Qavontae MacHell Lang v. State of Florida

243 So. 3d 534
CourtDistrict Court of Appeal of Florida
DecidedJune 4, 2018
Docket16-2930
StatusPublished
Cited by2 cases

This text of 243 So. 3d 534 (Qavontae MacHell Lang v. State of Florida) is published on Counsel Stack Legal Research, covering District Court of Appeal of Florida primary law. Counsel Stack provides free access to over 12 million legal documents including statutes, case law, regulations, and constitutions.

Bluebook
Qavontae MacHell Lang v. State of Florida, 243 So. 3d 534 (Fla. Ct.
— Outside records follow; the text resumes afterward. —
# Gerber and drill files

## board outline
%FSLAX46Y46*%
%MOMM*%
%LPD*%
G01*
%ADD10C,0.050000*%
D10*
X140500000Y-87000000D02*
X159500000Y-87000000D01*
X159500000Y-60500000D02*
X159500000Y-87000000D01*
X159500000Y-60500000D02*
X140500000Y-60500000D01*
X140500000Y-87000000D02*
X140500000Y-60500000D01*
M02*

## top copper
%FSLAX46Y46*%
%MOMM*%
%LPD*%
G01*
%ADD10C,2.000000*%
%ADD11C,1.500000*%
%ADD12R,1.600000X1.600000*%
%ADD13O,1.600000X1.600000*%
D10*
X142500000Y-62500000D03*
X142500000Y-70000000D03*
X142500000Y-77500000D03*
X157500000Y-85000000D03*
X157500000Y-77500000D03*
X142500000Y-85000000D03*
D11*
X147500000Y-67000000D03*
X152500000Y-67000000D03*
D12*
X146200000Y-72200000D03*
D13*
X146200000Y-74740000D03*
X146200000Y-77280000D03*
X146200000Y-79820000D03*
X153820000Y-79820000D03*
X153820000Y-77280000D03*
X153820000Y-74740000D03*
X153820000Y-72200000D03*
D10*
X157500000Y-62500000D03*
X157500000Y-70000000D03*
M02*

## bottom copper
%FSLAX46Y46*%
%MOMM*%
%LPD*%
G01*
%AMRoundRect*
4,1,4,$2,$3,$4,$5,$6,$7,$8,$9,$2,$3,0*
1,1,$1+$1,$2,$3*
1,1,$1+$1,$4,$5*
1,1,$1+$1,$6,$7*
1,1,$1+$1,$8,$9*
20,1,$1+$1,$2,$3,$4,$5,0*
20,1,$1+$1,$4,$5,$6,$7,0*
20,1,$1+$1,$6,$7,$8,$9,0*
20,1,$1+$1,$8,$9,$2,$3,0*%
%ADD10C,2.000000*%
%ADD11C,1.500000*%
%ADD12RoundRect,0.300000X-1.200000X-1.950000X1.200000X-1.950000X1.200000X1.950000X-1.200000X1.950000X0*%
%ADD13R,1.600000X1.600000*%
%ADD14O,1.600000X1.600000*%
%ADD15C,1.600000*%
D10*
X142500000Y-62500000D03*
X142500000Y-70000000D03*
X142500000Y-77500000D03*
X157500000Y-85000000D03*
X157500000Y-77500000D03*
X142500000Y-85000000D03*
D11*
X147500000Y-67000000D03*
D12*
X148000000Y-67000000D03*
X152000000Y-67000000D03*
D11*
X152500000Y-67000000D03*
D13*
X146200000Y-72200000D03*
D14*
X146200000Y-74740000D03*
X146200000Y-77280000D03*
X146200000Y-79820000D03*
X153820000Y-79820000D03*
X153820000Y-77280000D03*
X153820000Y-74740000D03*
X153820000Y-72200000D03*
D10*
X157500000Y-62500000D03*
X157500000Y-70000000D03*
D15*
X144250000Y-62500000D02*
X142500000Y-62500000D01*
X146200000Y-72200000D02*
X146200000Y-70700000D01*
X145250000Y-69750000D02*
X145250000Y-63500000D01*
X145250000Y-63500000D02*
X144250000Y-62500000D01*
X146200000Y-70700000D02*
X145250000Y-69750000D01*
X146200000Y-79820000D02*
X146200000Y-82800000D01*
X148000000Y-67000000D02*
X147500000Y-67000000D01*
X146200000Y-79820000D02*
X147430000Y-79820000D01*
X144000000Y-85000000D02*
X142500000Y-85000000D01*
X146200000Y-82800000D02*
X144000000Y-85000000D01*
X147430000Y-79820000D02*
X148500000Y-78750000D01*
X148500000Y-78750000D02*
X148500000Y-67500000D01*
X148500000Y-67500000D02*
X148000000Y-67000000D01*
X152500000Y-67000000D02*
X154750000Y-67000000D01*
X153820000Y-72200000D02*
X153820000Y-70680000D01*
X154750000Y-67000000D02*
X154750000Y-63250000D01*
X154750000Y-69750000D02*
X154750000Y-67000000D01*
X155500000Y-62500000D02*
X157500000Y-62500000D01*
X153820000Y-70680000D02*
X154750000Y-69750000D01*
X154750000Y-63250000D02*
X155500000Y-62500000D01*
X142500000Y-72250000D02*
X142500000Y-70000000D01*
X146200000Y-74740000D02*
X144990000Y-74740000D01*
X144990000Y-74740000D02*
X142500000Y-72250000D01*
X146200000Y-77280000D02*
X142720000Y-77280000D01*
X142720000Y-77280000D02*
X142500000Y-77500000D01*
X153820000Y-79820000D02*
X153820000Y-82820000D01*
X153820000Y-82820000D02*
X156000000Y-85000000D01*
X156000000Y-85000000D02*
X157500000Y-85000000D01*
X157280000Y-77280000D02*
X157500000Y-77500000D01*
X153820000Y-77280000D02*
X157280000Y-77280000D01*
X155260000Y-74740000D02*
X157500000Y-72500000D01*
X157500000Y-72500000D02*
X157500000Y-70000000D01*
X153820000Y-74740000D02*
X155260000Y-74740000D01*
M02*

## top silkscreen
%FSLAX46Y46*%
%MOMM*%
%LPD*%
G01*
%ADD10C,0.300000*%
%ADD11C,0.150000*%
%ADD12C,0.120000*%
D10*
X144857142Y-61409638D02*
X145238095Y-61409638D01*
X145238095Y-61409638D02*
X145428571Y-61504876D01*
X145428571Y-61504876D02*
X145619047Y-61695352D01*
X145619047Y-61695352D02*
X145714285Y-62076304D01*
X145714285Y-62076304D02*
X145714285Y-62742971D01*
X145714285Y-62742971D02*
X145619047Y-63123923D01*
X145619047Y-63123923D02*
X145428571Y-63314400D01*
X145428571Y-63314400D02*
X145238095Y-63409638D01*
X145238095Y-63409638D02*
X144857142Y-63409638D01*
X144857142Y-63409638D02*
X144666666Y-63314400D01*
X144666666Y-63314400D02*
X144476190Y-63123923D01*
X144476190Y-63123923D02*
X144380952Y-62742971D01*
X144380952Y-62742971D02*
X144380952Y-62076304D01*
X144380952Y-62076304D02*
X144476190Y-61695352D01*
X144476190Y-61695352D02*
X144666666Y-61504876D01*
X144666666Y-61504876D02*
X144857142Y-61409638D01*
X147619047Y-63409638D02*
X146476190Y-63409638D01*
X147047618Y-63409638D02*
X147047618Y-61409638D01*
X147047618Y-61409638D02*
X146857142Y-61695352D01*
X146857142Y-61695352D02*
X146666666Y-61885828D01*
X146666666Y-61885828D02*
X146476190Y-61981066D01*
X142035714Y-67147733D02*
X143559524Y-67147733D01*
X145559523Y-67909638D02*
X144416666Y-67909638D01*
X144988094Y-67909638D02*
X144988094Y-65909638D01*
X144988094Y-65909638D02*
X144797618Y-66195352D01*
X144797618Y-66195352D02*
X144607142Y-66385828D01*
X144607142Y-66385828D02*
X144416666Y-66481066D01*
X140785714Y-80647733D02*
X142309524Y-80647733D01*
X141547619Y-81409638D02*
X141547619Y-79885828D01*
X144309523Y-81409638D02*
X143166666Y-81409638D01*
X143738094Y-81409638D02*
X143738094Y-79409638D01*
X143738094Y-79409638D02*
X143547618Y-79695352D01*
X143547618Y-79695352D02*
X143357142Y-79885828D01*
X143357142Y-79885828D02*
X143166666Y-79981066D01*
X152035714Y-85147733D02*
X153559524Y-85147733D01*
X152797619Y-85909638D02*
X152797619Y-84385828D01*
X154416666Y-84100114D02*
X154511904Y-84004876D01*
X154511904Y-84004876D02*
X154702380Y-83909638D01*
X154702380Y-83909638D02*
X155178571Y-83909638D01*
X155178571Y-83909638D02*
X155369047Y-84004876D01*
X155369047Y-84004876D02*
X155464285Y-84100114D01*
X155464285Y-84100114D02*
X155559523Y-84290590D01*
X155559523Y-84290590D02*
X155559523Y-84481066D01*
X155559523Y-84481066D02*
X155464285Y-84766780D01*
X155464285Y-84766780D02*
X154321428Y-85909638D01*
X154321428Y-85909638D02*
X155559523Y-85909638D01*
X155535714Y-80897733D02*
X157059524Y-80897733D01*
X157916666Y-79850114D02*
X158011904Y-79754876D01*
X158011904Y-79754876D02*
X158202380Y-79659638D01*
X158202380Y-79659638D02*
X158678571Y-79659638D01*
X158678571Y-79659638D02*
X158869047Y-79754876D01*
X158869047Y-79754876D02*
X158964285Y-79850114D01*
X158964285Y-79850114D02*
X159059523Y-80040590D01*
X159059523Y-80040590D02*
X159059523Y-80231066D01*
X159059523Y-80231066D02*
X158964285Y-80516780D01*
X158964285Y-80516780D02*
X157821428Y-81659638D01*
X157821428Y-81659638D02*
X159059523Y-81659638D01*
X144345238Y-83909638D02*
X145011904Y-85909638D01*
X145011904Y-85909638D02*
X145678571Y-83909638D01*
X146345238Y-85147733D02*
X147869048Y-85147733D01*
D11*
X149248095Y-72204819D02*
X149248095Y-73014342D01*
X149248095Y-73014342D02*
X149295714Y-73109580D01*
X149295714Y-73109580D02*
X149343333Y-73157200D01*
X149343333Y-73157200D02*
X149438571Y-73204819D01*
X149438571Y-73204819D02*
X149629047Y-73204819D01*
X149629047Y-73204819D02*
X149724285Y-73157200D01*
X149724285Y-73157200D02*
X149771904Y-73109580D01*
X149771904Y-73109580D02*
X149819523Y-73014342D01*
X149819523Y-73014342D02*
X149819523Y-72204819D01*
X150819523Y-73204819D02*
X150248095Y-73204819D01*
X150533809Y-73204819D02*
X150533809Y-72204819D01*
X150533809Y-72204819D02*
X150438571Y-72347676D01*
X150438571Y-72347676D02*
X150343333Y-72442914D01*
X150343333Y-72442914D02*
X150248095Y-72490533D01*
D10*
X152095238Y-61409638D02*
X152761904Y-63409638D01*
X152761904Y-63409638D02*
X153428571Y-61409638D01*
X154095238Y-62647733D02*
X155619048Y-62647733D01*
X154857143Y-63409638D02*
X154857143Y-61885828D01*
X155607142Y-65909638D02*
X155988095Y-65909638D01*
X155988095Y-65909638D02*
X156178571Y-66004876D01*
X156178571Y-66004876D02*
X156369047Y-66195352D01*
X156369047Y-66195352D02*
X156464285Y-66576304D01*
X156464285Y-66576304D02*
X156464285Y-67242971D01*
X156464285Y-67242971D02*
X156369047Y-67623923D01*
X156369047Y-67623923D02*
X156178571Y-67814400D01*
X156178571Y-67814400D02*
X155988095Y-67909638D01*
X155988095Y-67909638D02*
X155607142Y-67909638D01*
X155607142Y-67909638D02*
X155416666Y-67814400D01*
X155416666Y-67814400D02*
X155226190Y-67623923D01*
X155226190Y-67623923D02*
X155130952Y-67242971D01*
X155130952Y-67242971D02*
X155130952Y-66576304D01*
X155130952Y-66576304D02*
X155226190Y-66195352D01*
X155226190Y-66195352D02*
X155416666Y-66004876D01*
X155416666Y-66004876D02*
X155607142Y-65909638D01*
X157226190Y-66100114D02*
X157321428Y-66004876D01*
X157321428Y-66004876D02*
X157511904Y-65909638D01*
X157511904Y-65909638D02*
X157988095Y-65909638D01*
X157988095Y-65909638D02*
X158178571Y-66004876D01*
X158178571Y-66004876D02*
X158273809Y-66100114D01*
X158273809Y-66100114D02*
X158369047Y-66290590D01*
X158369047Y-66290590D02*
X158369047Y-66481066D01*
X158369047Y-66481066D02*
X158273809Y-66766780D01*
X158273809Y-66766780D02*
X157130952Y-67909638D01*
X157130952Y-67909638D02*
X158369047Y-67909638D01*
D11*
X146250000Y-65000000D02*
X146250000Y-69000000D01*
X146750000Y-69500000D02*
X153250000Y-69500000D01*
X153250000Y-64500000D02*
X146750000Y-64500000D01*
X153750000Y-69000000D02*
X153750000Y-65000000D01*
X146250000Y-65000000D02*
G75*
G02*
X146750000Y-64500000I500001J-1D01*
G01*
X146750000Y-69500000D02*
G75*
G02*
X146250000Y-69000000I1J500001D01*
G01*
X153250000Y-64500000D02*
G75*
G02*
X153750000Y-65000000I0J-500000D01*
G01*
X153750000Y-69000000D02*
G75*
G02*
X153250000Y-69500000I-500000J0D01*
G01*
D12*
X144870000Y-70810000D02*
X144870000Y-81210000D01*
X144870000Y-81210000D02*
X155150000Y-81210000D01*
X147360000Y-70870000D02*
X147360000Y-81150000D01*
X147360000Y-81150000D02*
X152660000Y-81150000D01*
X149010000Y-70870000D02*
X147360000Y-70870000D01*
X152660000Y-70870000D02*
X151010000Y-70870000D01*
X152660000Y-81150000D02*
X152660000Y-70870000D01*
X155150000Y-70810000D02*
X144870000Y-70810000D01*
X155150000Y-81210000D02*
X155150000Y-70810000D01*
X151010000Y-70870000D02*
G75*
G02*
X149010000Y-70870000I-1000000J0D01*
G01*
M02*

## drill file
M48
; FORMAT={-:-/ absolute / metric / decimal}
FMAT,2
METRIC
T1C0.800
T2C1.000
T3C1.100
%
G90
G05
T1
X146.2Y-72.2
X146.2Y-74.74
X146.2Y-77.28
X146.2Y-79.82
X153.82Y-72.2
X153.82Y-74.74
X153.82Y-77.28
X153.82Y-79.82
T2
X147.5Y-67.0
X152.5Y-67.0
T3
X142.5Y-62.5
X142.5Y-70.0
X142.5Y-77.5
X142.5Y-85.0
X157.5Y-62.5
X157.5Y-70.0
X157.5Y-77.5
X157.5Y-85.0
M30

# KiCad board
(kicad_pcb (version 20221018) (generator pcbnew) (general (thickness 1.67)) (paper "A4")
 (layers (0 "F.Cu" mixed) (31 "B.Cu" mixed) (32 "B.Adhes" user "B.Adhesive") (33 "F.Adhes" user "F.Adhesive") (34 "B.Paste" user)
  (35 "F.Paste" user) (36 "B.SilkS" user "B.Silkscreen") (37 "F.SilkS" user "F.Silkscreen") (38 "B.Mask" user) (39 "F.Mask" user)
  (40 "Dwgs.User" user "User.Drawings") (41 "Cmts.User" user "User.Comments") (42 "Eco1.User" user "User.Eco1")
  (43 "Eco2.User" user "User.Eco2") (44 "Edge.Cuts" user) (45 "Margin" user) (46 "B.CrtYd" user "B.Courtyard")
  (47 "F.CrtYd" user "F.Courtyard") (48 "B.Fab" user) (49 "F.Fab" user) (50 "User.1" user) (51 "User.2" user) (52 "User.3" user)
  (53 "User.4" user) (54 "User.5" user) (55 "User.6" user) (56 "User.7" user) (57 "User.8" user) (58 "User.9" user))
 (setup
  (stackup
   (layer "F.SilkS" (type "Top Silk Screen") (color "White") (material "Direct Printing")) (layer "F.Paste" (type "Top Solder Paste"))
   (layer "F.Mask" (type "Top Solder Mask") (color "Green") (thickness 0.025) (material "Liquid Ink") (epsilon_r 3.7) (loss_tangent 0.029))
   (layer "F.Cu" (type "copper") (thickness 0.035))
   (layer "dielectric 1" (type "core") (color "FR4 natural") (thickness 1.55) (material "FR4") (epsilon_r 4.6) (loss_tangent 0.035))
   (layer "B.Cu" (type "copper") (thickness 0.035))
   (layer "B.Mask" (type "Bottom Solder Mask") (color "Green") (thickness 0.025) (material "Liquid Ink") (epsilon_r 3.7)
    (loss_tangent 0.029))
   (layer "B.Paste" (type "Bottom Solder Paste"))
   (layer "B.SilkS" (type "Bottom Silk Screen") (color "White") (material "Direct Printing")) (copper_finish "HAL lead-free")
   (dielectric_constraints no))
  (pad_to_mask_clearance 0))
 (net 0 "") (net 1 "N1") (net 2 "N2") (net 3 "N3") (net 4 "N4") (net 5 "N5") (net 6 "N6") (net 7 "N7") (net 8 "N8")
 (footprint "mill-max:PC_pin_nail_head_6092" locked (layer "F.Cu") (at 142.5 62.5)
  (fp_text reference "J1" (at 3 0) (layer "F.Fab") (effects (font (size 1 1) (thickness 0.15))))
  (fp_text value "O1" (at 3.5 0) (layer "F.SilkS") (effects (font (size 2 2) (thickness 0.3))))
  (pad "1" thru_hole circle locked (at 0 0) (size 2 2) (drill 1.1) (layers "*.Cu" "*.Mask") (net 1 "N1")))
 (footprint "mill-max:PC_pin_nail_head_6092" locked (layer "F.Cu") (at 142.5 70)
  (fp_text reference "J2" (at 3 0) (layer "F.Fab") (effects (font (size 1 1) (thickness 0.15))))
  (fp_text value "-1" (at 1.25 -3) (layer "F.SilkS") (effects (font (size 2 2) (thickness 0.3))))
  (pad "1" thru_hole circle locked (at 0 0) (size 2 2) (drill 1.1) (layers "*.Cu" "*.Mask") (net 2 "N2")))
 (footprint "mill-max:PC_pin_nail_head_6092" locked (layer "F.Cu") (at 142.5 77.5)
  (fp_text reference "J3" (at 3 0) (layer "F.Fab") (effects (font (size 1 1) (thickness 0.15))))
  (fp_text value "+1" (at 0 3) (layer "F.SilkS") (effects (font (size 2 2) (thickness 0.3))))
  (pad "1" thru_hole circle locked (at 0 0) (size 2 2) (drill 1.1) (layers "*.Cu" "*.Mask") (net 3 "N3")))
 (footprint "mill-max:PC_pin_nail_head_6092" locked (layer "F.Cu") (at 157.5 85)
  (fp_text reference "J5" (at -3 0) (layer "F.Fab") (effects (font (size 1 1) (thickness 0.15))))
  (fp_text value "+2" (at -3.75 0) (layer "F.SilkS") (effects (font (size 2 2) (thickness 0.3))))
App. 2018).

Opinion

FIRST DISTRICT COURT OF APPEAL STATE OF FLORIDA _____________________________

No. 1D16-2930 _____________________________

QAVONTAE MACHELL LANG,

Appellant,

v.

STATE OF FLORIDA,

Appellee. _____________________________

On appeal from the Circuit Court for Escambia County. Darlene F. Dickey, Judge.

June 4, 2018

PER CURIAM.

Appellant, Qavontae MacHell Lang, contends in part that we should reverse his convictions based on ineffective assistance of counsel that is apparent on the face of the record. Except in rare cases, allegations of ineffective assistance of trial counsel must be raised in a postconviction proceeding brought pursuant to Florida Rule of Criminal Procedure 3.850, not on direct appeal. See Barnett v. State, 181 So. 3d 534, 536 (Fla. 1st DCA 2015). We reject Appellant’s argument that this case meets that rare standard. While Appellant also raises what he characterizes as a double jeopardy argument, he challenges his two fifteen-year sentences, not his convictions. See State v. Williams, 854 So. 2d 215, 217 (Fla. 1st DCA 2003) (noting that a double jeopardy claim “constitutes, in reality, a challenge to [the appellee’s] convictions rather [than] his sentence”). Because Appellant did not preserve this argument, we cannot address it. See Sims v. State, 998 So. 2d 494, 504 (Fla. 2008) (“In Florida, a specific, contemporaneous objection is necessary to preserve a sentencing error.”). Our disposition does not preclude Appellant from challenging his sentences in a motion filed pursuant to Florida Rule of Criminal Procedure 3.800(a). See Eason v. State, 932 So. 2d 465, 466 (Fla. 1st DCA 2006) (noting that the appellant, who completed youthful offender boot camp, argued in his rule 3.800(a) motion that the trial court erred in sentencing him following his violation of probation). Finally, we have considered Appellant’s remaining arguments, which we find to be meritless.

AFFIRMED.

LEWIS, KELSEY, and WINSOR, JJ., concur.

_____________________________

Not final until disposition of any timely and authorized motion under Fla. R. App. P. 9.330 or 9.331. _____________________________

Rocco J. Carbone, III, St. Augustine, for Appellant.

Pamela Jo Bondi, Attorney General, Quentin Humphrey, Assistant Attorney General, Tallahassee, for Appellee.